Note — Denormalized data is not the same as unnormalized. For denormalization, we start by designing tables that are normalized. Then we can add additional columns to some tables to reduce the number of joins required, but as we do so, we are aware of the possible update anomalies. We then make sure we have triggers or other kinds of processing that will make sure that when we perform an update, all the duplicate data is also updated.

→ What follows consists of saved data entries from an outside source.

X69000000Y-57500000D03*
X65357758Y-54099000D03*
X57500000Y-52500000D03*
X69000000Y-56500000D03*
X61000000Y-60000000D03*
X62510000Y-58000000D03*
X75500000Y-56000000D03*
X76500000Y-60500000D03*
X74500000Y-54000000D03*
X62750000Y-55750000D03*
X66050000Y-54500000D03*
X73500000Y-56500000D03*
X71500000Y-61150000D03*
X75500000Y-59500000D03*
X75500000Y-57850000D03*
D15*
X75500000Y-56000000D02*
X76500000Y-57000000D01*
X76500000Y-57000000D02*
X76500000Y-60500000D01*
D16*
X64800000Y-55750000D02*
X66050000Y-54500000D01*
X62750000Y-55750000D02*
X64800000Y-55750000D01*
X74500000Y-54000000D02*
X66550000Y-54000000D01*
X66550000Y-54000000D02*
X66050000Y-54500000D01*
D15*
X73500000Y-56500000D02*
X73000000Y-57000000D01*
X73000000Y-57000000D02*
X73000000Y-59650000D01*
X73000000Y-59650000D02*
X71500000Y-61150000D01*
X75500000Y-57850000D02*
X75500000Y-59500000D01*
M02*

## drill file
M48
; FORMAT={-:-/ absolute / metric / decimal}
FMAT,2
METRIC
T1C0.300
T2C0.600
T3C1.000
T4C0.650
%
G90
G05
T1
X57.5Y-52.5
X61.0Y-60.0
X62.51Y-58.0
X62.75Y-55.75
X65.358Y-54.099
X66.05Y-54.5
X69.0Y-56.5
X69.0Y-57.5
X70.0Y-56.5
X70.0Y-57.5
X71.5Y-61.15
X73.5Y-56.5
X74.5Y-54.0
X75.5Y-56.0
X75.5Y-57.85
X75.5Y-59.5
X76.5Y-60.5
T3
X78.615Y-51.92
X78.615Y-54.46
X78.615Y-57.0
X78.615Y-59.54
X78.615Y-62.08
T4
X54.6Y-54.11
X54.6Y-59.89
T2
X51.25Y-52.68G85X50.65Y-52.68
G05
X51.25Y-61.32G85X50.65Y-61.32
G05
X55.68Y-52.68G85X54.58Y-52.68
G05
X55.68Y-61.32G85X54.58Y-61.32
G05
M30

Denormalized data can be more efficient to query, especially for read heavy workloads like a data warehouse. In those cases, having additional columns may offer better query patterns and/or more simplistic queries.
Star schema
While most normalization is aimed at OLTP workloads, data warehouses have their own modeling structure, which is usually a denormalized model. This design uses fact tables, which record measurements or metrics for specific events like a sale, and joins them to dimension tables, which are smaller in terms of row count, but may have a large number of columns to describe the fact data. Some example dimensions would include inventory, time, and/or geography. This design pattern is used to make the database easier to query and offer performance gains for read workloads.
The above image shows an example of a star schema, including a FactResellerSales fact table, and dimensions for date, currency, and products. The fact table contains data related to the sales transactions, and the dimensions only contain data related to a specific element of the sales data. For example, the FactResellerSales table contains only a ProductKey to indicate which product was sold. All of the details about each product is stored in the DimProduct table, and related back to the fact table with the ProductKey column.

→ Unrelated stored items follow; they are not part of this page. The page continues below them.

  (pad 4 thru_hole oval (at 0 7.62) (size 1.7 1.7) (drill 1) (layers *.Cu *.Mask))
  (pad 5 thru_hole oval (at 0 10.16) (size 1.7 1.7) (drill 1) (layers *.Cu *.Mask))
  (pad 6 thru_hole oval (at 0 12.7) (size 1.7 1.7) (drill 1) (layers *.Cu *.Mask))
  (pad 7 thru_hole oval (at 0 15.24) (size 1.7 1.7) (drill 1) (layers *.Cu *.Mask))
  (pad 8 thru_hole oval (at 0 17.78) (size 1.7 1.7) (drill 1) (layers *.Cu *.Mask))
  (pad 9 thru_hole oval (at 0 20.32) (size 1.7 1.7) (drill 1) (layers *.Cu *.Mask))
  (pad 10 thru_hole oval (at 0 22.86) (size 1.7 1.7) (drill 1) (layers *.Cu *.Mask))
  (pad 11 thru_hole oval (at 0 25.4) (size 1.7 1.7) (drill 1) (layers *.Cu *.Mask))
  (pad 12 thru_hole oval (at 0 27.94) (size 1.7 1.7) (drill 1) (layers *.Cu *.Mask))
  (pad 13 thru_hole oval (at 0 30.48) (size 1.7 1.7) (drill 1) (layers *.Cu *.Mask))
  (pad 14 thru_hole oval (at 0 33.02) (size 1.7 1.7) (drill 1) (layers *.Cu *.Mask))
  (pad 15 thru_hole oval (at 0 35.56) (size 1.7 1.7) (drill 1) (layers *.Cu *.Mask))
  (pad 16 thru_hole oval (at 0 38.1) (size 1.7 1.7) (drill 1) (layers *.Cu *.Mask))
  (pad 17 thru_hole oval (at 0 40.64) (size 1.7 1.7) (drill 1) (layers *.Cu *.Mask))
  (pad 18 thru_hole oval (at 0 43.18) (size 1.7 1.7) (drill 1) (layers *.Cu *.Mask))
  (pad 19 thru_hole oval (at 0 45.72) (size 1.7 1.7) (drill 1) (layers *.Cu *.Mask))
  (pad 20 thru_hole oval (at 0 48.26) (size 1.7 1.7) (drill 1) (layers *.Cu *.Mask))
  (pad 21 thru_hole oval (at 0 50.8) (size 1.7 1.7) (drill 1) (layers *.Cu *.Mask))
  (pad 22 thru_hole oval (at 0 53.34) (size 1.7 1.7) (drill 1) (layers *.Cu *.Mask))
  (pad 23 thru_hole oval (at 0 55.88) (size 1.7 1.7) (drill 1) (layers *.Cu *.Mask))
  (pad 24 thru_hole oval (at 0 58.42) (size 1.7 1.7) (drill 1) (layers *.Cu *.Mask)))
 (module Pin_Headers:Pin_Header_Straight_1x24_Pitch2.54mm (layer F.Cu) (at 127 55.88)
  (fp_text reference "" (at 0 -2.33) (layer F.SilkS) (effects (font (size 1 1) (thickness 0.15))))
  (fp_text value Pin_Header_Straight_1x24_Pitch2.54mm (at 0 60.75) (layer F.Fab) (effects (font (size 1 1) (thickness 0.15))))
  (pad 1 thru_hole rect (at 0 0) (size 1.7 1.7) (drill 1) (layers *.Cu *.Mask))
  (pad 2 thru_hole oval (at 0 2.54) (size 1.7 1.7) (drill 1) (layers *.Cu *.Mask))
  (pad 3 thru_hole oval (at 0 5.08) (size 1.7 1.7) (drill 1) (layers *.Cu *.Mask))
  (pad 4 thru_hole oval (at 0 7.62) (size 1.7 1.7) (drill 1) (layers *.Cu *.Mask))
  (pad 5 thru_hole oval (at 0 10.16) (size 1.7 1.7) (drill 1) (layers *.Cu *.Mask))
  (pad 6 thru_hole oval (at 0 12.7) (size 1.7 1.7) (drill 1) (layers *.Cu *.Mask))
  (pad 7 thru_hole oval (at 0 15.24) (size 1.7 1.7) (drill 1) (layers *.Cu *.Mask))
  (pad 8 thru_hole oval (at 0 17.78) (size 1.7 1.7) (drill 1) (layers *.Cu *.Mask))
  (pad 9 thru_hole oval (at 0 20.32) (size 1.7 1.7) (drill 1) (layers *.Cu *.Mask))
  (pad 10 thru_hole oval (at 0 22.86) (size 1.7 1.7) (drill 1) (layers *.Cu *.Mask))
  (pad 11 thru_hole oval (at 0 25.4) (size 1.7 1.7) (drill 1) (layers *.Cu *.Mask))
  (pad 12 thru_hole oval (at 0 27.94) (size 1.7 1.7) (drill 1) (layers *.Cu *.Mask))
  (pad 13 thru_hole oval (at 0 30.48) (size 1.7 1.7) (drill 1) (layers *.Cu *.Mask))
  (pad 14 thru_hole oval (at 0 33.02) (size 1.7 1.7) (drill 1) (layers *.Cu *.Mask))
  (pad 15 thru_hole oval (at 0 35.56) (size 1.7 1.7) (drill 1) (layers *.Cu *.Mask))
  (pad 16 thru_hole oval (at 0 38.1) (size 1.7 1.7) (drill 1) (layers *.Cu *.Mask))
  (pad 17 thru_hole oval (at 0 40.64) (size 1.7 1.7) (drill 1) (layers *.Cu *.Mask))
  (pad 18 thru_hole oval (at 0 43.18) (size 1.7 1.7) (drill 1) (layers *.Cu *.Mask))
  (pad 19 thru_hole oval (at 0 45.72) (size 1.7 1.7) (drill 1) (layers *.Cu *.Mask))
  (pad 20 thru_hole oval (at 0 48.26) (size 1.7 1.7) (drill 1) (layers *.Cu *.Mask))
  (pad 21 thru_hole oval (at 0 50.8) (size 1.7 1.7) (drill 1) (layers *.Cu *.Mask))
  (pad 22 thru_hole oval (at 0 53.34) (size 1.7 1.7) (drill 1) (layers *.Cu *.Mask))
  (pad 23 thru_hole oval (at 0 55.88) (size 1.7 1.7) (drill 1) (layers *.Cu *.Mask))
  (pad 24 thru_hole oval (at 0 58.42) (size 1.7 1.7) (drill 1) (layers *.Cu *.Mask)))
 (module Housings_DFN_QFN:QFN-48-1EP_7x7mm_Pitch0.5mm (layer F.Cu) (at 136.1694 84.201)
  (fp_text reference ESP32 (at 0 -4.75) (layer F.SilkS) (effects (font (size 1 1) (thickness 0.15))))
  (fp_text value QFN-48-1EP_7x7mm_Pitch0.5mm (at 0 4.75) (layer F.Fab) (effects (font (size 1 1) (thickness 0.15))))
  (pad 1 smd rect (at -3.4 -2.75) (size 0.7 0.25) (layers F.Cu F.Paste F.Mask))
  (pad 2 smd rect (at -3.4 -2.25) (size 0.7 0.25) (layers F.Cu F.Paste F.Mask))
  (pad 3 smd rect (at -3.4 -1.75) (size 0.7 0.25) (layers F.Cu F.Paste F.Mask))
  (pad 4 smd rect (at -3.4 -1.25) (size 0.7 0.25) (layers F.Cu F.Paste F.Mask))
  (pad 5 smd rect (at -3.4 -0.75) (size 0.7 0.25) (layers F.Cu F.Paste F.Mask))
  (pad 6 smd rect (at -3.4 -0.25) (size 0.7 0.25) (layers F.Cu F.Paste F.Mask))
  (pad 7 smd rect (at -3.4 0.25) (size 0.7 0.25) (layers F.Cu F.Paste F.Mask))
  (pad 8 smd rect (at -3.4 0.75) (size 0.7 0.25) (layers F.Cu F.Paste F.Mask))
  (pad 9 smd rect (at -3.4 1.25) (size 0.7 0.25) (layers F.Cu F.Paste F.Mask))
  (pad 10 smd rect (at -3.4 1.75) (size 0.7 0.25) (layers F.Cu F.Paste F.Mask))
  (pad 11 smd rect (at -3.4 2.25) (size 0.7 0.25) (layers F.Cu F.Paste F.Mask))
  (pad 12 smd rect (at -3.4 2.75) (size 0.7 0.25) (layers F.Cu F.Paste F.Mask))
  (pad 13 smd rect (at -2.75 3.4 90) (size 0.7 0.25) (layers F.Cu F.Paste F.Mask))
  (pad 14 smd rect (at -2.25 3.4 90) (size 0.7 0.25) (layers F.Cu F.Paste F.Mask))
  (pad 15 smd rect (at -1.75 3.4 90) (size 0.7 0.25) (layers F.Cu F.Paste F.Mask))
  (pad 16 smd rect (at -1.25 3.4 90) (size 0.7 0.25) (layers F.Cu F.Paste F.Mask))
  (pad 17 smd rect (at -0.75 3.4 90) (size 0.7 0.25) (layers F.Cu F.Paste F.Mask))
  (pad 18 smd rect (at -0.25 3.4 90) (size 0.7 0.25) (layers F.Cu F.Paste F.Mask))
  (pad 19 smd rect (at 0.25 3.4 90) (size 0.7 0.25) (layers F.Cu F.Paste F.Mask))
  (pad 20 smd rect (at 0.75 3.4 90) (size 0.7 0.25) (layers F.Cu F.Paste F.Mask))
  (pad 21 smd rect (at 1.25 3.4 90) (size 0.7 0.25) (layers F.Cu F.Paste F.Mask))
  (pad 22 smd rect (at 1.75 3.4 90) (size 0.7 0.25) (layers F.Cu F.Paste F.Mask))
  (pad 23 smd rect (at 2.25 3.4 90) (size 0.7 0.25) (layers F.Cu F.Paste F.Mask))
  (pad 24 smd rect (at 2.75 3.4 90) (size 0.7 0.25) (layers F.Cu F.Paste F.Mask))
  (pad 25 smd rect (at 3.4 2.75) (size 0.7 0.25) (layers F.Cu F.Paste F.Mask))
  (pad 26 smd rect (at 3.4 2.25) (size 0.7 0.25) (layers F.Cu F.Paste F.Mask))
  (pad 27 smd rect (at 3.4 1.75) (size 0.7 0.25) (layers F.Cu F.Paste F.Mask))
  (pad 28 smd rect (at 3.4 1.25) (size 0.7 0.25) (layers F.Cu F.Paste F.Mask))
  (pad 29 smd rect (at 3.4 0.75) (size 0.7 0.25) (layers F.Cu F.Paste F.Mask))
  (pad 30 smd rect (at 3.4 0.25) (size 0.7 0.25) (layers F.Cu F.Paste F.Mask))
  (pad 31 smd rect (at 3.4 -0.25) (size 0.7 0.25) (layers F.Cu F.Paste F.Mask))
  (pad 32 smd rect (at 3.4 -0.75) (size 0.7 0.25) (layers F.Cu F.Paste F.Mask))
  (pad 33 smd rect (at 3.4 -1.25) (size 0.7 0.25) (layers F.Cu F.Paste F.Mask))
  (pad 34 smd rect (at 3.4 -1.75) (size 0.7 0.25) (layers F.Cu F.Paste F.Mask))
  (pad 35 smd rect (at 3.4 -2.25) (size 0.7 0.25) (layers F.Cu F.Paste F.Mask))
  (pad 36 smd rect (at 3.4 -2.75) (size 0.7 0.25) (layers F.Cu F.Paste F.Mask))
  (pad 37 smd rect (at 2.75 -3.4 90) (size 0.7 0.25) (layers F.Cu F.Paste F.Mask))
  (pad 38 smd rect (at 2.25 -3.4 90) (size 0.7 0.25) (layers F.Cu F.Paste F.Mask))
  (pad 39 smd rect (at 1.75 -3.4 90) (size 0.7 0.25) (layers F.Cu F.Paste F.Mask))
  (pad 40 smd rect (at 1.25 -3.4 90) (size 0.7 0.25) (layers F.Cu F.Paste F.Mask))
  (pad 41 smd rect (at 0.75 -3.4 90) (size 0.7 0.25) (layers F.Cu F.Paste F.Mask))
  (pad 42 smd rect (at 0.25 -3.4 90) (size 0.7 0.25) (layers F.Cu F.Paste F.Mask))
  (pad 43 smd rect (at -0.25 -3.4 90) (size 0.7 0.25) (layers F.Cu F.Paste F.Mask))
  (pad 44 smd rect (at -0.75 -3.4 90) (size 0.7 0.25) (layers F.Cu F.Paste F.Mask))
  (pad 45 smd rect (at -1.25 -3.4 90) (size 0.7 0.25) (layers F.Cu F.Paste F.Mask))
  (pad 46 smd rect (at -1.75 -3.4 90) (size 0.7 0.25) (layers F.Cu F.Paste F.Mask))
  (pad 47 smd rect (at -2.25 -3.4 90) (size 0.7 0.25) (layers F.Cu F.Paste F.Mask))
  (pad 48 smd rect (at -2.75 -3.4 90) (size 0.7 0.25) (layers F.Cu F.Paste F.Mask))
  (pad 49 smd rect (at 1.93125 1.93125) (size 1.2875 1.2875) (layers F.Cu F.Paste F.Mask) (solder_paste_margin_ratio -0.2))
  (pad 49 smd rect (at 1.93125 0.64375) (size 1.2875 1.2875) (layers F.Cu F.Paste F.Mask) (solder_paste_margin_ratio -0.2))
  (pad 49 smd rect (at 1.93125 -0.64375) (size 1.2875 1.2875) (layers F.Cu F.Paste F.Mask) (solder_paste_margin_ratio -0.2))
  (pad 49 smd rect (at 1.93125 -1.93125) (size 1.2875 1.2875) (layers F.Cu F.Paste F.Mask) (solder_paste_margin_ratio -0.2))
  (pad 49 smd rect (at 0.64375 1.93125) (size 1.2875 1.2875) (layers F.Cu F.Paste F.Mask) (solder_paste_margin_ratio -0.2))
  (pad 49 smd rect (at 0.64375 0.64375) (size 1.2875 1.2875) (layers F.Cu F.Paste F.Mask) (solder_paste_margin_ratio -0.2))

Related to star schema design is a snowflake schema, which uses a set of more normalized tables for a single business entity. The following image shows an example of a single dimension for a snowflake schema. The Products dimension is normalized and stored in three tables called DimProductCategory, DimProductSubcategory, and DimProduct.
The main difference between star and snowflake schemas is that the dimensions in a snowflake schema are normalized to reduce redundancy, which saves storage space. The tradeoff is that your queries require more joins, which can increase your complexity and decrease performance.